For starters, pride can come from things you didn't even do -- and people who
are not you. You can be proud of your kid. You can be proud of your student.
You can be proud of your husband, wife, boyfriend/girlfriend, parents,
friends, etc.

It's good to be proud when people you care about accomplish something they
struggled with, something difficult, something important.

And, you are a person you care about. (Or at least, you should be.)

Pride means giving yourself credit where credit is due. In enjoying the things
you worked hard to achieve.

Nowhere in the dictionary definition of "pride" will you find "holding
yourself above other people, thinking you're better than them and better than
Creation, blah blah blah."

Vanity, on the other hand, is defined as _excessive_ pride.
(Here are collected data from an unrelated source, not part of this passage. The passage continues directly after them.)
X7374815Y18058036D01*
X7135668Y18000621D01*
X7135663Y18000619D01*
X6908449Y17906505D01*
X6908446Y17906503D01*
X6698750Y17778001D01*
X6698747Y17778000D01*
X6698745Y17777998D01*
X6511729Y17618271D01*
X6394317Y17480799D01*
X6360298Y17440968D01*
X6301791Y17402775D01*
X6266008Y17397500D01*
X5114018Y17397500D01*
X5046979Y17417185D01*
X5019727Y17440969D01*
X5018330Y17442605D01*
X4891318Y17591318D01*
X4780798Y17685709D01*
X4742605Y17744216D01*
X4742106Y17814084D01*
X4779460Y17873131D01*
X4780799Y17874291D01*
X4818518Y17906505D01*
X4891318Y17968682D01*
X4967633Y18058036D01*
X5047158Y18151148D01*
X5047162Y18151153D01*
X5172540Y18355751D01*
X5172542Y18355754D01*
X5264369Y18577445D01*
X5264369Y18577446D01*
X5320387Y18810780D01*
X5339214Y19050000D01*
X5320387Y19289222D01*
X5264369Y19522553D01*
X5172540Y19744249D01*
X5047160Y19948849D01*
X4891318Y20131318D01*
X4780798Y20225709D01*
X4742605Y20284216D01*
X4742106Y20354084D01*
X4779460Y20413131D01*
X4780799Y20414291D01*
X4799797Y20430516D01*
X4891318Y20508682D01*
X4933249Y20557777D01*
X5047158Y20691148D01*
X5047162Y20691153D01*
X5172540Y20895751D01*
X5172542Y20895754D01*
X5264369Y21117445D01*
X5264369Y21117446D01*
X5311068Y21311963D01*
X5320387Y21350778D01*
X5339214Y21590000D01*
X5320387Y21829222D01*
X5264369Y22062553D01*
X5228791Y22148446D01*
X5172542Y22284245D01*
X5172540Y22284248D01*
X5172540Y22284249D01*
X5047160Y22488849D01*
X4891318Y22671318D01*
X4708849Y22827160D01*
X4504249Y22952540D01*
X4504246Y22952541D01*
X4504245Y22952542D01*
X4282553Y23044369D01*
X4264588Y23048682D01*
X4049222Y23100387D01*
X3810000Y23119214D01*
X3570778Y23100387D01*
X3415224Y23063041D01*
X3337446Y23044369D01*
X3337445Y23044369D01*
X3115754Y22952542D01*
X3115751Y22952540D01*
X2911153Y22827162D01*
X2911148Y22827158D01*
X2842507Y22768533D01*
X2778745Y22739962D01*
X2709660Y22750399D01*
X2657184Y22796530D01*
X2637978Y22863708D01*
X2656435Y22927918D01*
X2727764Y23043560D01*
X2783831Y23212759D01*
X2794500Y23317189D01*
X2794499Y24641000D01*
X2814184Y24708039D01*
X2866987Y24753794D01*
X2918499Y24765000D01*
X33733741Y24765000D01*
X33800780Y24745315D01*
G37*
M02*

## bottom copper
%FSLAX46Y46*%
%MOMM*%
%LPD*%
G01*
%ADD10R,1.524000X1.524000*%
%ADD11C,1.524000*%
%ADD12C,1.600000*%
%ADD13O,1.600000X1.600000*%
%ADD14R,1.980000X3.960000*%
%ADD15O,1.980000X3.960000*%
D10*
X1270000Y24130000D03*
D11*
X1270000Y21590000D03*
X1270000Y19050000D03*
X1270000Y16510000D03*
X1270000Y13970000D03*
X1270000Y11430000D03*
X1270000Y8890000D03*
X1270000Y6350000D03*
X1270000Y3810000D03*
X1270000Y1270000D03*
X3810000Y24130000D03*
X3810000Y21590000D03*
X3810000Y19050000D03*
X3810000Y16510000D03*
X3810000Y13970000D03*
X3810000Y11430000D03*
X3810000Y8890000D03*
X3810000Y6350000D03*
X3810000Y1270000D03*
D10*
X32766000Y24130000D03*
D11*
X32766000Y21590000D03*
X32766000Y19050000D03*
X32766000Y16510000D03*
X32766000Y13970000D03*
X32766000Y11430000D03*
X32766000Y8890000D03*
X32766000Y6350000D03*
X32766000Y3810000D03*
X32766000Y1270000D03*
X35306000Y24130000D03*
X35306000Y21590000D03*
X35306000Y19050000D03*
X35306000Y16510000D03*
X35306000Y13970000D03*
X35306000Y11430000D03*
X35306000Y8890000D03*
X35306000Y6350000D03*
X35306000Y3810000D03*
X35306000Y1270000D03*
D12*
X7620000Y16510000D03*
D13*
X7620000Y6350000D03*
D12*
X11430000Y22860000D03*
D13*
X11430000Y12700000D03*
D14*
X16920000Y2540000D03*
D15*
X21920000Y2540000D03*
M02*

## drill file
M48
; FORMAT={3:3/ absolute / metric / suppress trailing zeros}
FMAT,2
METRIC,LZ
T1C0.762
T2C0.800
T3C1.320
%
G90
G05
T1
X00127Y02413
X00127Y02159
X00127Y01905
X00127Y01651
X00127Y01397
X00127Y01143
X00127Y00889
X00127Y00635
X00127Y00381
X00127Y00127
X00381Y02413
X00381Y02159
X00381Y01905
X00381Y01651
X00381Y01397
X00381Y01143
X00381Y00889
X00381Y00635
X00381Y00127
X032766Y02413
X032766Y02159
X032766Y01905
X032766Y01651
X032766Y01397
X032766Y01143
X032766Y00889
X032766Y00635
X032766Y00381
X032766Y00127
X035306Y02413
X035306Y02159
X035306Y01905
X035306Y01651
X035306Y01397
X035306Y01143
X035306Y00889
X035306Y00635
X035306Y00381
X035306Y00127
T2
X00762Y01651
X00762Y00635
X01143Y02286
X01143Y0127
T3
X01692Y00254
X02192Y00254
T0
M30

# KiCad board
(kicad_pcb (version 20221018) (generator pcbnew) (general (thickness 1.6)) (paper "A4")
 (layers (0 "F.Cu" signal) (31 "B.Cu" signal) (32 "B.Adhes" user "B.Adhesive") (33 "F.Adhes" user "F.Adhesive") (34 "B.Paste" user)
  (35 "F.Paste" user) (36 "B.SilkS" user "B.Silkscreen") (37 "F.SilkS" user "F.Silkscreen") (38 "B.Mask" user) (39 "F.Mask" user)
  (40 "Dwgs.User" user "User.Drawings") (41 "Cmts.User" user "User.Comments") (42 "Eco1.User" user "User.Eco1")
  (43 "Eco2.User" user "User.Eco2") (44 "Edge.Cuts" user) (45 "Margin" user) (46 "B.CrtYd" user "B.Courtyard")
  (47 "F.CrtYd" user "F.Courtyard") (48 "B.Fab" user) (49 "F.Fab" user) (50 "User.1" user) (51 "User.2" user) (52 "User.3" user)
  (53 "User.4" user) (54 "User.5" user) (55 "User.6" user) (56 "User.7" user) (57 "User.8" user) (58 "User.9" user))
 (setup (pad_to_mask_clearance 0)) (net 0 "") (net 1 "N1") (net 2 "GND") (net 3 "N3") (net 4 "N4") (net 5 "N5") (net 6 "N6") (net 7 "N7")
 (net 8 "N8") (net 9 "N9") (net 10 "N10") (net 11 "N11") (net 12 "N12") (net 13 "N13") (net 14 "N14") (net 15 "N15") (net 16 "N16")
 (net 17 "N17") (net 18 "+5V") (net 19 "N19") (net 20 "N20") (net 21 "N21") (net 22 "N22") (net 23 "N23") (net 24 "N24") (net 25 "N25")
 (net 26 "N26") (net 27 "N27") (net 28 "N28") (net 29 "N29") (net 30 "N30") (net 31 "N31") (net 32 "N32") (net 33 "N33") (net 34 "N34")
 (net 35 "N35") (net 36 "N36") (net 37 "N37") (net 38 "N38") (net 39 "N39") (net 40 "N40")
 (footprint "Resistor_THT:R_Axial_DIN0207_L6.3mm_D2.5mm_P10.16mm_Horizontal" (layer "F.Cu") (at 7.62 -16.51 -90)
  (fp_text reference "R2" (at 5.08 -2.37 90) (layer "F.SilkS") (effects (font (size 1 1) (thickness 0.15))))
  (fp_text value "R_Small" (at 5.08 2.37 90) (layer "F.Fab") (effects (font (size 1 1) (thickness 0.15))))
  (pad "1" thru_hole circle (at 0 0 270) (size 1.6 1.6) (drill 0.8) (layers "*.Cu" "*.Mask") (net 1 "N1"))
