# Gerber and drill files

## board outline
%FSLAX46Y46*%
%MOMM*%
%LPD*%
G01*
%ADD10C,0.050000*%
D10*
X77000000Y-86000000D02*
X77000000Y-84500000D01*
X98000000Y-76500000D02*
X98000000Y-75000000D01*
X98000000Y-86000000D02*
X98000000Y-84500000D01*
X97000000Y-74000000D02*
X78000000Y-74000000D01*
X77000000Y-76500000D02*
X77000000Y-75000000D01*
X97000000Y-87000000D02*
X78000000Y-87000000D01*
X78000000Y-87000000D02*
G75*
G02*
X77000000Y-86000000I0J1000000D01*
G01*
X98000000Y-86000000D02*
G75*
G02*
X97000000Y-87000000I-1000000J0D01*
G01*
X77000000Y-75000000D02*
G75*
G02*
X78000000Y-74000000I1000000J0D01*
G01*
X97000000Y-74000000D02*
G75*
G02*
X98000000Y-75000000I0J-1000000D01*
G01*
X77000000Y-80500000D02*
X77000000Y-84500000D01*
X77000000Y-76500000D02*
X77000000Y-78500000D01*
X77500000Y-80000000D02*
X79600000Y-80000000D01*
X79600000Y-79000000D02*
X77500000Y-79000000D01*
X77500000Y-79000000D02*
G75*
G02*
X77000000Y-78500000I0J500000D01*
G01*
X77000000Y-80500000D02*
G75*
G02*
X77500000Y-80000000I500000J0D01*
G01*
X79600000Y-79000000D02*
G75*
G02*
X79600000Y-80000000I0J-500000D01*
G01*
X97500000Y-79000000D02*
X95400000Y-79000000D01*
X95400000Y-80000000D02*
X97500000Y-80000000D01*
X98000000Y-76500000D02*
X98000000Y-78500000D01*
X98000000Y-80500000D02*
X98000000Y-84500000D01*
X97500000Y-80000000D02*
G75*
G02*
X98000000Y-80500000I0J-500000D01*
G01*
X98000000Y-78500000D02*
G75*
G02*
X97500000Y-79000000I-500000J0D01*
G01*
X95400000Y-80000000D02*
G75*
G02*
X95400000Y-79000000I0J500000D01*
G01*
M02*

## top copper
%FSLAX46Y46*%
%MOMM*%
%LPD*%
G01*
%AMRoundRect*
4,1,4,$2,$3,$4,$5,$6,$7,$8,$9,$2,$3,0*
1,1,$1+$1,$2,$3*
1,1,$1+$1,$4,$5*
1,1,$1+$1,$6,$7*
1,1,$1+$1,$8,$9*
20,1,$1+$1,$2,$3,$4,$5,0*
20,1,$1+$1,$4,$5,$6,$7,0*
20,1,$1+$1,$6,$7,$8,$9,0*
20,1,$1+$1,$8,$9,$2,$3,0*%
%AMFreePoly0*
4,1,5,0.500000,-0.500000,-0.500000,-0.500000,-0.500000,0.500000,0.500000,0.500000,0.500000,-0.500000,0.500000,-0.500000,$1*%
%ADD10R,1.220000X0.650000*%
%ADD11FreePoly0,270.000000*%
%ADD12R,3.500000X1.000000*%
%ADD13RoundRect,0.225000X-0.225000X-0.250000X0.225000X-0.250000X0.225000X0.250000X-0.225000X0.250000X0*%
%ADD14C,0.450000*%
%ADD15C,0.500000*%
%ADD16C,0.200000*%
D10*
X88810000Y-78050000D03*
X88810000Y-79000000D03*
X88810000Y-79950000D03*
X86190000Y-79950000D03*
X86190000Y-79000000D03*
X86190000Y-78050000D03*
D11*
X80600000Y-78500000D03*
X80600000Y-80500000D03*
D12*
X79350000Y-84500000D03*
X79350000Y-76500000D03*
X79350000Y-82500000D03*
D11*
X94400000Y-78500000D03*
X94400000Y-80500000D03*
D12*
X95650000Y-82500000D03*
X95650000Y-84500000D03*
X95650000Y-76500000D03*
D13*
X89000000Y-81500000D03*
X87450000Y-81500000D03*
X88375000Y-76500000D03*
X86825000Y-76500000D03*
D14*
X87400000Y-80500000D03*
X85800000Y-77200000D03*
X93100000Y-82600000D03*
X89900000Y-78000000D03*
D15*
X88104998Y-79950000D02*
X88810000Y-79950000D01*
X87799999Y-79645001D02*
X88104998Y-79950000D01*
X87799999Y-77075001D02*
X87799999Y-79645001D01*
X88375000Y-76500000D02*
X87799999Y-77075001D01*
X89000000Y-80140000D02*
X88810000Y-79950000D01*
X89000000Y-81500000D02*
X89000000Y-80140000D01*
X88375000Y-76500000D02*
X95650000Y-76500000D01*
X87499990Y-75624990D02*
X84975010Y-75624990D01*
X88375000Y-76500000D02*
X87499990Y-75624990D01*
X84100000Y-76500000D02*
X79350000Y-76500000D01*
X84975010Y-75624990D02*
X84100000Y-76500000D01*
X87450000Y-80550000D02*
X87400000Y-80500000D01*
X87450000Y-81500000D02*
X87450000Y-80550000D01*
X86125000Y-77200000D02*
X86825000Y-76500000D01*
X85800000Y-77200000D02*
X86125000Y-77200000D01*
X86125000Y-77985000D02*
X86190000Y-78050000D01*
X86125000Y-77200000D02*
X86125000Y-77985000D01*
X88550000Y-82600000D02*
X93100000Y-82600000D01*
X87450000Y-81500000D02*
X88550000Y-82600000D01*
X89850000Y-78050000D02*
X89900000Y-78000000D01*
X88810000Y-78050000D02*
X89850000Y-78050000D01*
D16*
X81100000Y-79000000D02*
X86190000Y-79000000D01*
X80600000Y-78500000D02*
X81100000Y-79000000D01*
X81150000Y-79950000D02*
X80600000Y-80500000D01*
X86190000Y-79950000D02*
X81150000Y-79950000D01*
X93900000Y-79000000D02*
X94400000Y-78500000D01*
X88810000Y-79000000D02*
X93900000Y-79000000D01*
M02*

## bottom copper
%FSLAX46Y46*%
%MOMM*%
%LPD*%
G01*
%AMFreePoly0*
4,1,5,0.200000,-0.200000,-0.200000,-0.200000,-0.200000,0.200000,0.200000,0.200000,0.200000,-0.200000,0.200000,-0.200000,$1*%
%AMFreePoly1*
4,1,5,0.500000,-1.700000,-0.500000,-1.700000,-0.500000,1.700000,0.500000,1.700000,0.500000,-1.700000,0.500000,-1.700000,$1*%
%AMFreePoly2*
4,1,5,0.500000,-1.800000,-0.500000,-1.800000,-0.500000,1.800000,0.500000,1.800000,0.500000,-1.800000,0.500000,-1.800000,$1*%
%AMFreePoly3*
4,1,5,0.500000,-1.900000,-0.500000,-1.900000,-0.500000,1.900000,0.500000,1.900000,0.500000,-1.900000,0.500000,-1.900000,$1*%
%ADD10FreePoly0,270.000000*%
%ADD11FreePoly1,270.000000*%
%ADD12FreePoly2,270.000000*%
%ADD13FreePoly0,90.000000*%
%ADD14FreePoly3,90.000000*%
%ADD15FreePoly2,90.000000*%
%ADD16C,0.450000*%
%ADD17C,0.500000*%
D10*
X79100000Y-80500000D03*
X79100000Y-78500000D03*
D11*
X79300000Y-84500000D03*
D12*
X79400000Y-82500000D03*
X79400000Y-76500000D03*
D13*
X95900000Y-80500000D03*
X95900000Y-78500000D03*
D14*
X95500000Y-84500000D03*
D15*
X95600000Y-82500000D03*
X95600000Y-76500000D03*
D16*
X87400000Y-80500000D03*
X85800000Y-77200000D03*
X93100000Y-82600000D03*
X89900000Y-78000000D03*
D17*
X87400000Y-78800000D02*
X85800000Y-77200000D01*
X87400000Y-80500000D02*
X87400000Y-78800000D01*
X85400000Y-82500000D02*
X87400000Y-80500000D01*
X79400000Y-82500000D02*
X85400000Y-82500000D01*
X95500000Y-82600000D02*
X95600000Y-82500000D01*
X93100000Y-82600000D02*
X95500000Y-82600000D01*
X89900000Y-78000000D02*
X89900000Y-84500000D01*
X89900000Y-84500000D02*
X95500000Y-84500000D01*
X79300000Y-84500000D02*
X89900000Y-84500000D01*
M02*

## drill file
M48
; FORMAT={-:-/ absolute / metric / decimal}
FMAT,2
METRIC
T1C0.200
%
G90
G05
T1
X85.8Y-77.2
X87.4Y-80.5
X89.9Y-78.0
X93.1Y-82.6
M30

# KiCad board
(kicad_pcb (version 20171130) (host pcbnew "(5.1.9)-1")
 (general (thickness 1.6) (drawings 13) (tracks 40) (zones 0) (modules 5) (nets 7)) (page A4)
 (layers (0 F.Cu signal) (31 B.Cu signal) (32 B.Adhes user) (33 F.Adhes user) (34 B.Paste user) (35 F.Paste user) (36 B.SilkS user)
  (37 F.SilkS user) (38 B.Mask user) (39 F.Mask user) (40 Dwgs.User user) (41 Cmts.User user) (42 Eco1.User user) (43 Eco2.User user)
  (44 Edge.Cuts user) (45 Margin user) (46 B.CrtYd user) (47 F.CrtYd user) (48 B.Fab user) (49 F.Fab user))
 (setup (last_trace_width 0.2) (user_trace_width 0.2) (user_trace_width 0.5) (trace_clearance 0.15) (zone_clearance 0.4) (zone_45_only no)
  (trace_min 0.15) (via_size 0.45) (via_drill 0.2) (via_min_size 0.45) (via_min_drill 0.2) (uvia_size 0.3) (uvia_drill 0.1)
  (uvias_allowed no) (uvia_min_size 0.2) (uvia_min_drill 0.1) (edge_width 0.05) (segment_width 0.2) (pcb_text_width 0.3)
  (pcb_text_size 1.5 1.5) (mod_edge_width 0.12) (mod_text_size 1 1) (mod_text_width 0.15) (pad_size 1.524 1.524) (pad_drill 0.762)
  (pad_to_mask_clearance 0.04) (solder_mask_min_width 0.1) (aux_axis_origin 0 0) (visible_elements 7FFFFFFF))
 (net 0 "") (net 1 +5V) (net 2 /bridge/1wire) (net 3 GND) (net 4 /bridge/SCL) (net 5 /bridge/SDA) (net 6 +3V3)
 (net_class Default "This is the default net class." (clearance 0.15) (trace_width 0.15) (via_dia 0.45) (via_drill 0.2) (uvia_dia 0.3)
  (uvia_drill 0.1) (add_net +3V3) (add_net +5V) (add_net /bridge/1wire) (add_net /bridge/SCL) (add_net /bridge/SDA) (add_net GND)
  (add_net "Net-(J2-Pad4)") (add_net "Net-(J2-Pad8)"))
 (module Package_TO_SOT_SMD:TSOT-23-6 (layer F.Cu) (at 87.5 79)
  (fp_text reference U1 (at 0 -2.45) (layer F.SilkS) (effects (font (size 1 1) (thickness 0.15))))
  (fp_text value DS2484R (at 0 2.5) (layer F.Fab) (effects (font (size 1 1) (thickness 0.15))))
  (pad 6 smd rect (at 1.31 -0.95) (size 1.22 0.65) (layers F.Cu F.Paste F.Mask) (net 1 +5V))
  (pad 5 smd rect (at 1.31 0) (size 1.22 0.65) (layers F.Cu F.Paste F.Mask) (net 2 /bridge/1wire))
  (pad 4 smd rect (at 1.31 0.95) (size 1.22 0.65) (layers F.Cu F.Paste F.Mask) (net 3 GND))
  (pad 3 smd rect (at -1.31 0.95) (size 1.22 0.65) (layers F.Cu F.Paste F.Mask) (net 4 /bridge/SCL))
  (pad 2 smd rect (at -1.31 0) (size 1.22 0.65) (layers F.Cu F.Paste F.Mask) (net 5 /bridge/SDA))
  (pad 1 smd rect (at -1.31 -0.95) (size 1.22 0.65) (layers F.Cu F.Paste F.Mask) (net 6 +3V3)))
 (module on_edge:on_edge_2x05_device (layer F.Cu) (at 77 80.5 270)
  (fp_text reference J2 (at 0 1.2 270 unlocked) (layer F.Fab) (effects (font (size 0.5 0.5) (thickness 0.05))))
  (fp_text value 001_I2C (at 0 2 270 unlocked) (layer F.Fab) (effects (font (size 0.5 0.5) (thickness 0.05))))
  (fp_line (start 0 0) (end 4 0) (layer Edge.Cuts) (width 0.05))
  (fp_line (start -4 0) (end -2 0) (layer Edge.Cuts) (width 0.05))
  (fp_line (start -0.5 -0.5) (end -0.5 -2.6) (layer Edge.Cuts) (width 0.05))
  (fp_line (start -1.5 -2.6) (end -1.5 -0.5) (layer Edge.Cuts) (width 0.05))
  (fp_arc (start -2 -0.5) (end -2 0) (angle -90) (layer Edge.Cuts) (width 0.05))
  (fp_arc (start 0 -0.5) (end -0.5 -0.5) (angle -90) (layer Edge.Cuts) (width 0.05))
  (fp_arc (start -1 -2.6) (end -0.5 -2.6) (angle -180) (layer Edge.Cuts) (width 0.05))
  (pad 2 smd custom (at -2 -3.6 270) (size 1 1) (layers F.Cu F.Mask) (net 5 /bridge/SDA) (zone_connect 0)
   (options (clearance outline) (anchor rect)) (primitives))
  (pad 3 smd custom (at 0 -3.6 270) (size 1 1) (layers F.Cu F.Mask) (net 4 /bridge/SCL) (zone_connect 0)
   (options (clearance outline) (anchor rect)) (primitives))
  (pad 8 smd custom (at 0 -2.1 270) (size 0.4 0.4) (layers B.Cu B.Mask) (zone_connect 0) (options (clearance outline) (anchor rect))
   (primitives))
  (pad 7 smd custom (at -2 -2.1 270) (size 0.4 0.4) (layers B.Cu B.Mask) (zone_connect 0) (options (clearance outline) (anchor rect))
   (primitives))
  (pad 10 smd custom (at 4 -2.3 270) (size 1 3.4) (layers B.Cu B.Mask) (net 1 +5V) (zone_connect 0)
   (options (clearance outline) (anchor rect)) (primitives))
  (pad 9 smd custom (at 2 -2.4 270) (size 1 3.6) (layers B.Cu B.Mask) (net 6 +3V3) (zone_connect 0)
   (options (clearance outline) (anchor rect)) (primitives))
We've all known
vainglorious jerks who had excessive pride.

And we've also all known people who were good people, who did good work, who
worked hard, who did hard things -- who had insufficient pride, who didn't
give themselves enough credit, who wrote off all their accomplishments and
generally made themselves (and the people who loved them & wanted the best for
them) miserable.

I'm honestly shocked that (at writing) the 2 top-level comments on this
article are "Pride is a sin" and "I try not to be 'proud' of things I've
done".

Where's the evidence that pride is bad, guys? Do you have something other than
the Bible to back you up?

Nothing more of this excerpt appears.